-- MATERIAL SUPPLIED follows --

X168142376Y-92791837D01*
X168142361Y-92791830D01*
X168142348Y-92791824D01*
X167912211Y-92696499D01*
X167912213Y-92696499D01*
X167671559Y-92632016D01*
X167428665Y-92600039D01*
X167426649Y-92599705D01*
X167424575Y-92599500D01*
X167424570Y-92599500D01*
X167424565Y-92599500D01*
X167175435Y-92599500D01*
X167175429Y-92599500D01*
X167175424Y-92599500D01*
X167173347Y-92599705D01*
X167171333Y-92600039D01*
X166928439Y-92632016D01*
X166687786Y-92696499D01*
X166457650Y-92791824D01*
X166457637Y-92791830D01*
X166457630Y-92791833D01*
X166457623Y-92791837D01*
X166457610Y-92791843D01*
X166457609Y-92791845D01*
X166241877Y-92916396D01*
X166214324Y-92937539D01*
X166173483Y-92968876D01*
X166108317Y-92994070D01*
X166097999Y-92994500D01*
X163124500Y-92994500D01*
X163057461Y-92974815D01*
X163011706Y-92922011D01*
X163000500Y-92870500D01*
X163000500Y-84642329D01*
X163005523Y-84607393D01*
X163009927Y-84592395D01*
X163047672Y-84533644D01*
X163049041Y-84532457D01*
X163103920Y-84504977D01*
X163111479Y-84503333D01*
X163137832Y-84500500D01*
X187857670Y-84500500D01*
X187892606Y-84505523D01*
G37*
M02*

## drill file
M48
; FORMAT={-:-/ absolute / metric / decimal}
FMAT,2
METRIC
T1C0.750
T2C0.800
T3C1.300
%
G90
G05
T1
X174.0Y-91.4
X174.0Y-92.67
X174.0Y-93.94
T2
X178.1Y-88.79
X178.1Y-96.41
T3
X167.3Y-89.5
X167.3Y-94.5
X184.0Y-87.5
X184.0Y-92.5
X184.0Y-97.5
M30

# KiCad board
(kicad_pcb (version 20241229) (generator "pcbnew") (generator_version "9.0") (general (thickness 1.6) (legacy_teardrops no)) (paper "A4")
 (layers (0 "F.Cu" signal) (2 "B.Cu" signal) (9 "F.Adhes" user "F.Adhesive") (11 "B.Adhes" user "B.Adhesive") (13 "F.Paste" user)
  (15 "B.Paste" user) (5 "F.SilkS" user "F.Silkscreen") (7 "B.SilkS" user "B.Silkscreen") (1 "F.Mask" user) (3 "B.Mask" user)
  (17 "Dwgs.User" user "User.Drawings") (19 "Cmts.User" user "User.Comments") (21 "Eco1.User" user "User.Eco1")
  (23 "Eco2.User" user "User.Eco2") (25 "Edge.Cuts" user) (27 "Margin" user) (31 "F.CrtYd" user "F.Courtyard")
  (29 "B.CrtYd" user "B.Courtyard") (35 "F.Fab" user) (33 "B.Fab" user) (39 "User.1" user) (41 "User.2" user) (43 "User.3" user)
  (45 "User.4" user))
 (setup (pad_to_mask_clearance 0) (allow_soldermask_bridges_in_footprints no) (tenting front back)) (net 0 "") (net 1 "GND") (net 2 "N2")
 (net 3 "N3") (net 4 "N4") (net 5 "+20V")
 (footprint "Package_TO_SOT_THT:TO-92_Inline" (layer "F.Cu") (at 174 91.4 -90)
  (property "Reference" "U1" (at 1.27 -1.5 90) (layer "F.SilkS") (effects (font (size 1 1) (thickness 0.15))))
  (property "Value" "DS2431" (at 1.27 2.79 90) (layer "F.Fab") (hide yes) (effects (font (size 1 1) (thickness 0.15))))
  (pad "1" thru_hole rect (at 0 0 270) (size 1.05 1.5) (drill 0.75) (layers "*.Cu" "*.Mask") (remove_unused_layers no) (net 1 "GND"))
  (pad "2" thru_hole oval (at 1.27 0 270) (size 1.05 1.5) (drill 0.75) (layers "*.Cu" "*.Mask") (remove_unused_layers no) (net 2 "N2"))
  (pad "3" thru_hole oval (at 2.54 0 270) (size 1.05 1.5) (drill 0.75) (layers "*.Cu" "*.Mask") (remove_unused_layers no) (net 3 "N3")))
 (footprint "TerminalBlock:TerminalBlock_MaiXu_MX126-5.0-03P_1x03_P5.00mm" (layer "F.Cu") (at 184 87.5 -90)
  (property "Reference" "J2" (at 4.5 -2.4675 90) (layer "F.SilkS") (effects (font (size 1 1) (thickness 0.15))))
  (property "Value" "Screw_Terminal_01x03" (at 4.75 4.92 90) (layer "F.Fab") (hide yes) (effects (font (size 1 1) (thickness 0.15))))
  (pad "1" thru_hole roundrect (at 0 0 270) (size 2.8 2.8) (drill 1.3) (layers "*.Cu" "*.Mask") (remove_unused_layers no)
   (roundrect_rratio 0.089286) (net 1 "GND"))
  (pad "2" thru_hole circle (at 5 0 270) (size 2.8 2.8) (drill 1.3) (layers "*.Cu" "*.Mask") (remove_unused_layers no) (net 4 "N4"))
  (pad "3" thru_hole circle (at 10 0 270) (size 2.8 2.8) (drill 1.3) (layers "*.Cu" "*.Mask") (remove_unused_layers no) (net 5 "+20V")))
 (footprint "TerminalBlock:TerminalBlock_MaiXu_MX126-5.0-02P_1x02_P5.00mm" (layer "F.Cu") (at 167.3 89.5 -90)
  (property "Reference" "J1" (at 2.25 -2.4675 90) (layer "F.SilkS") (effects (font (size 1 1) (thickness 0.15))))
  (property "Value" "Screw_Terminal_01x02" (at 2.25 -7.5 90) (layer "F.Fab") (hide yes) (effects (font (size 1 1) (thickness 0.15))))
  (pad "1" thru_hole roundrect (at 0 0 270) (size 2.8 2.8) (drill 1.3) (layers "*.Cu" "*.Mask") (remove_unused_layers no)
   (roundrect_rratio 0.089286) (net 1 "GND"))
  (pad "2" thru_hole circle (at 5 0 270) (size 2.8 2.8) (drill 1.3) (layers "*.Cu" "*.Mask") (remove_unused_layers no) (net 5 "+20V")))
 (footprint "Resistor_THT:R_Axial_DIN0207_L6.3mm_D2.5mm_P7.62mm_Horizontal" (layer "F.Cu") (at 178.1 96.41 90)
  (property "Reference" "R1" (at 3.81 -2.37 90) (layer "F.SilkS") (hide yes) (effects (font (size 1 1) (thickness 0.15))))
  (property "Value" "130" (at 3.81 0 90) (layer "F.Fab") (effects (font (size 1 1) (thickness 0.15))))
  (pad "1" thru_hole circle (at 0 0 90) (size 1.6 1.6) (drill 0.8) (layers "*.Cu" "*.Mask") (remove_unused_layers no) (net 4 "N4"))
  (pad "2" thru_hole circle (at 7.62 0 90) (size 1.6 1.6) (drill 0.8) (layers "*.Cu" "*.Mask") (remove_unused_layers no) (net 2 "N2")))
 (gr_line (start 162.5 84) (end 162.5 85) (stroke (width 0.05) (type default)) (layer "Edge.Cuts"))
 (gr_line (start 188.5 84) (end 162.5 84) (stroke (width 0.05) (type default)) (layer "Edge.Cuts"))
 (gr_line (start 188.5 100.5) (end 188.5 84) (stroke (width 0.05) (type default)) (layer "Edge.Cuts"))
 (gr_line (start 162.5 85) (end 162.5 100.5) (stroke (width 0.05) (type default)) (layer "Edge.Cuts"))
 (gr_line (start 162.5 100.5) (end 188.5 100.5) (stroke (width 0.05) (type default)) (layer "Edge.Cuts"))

-- MATERIAL SUPPLIED concluded --

The answer must be one number: how many lines in the material above contain the word "Cuts".

6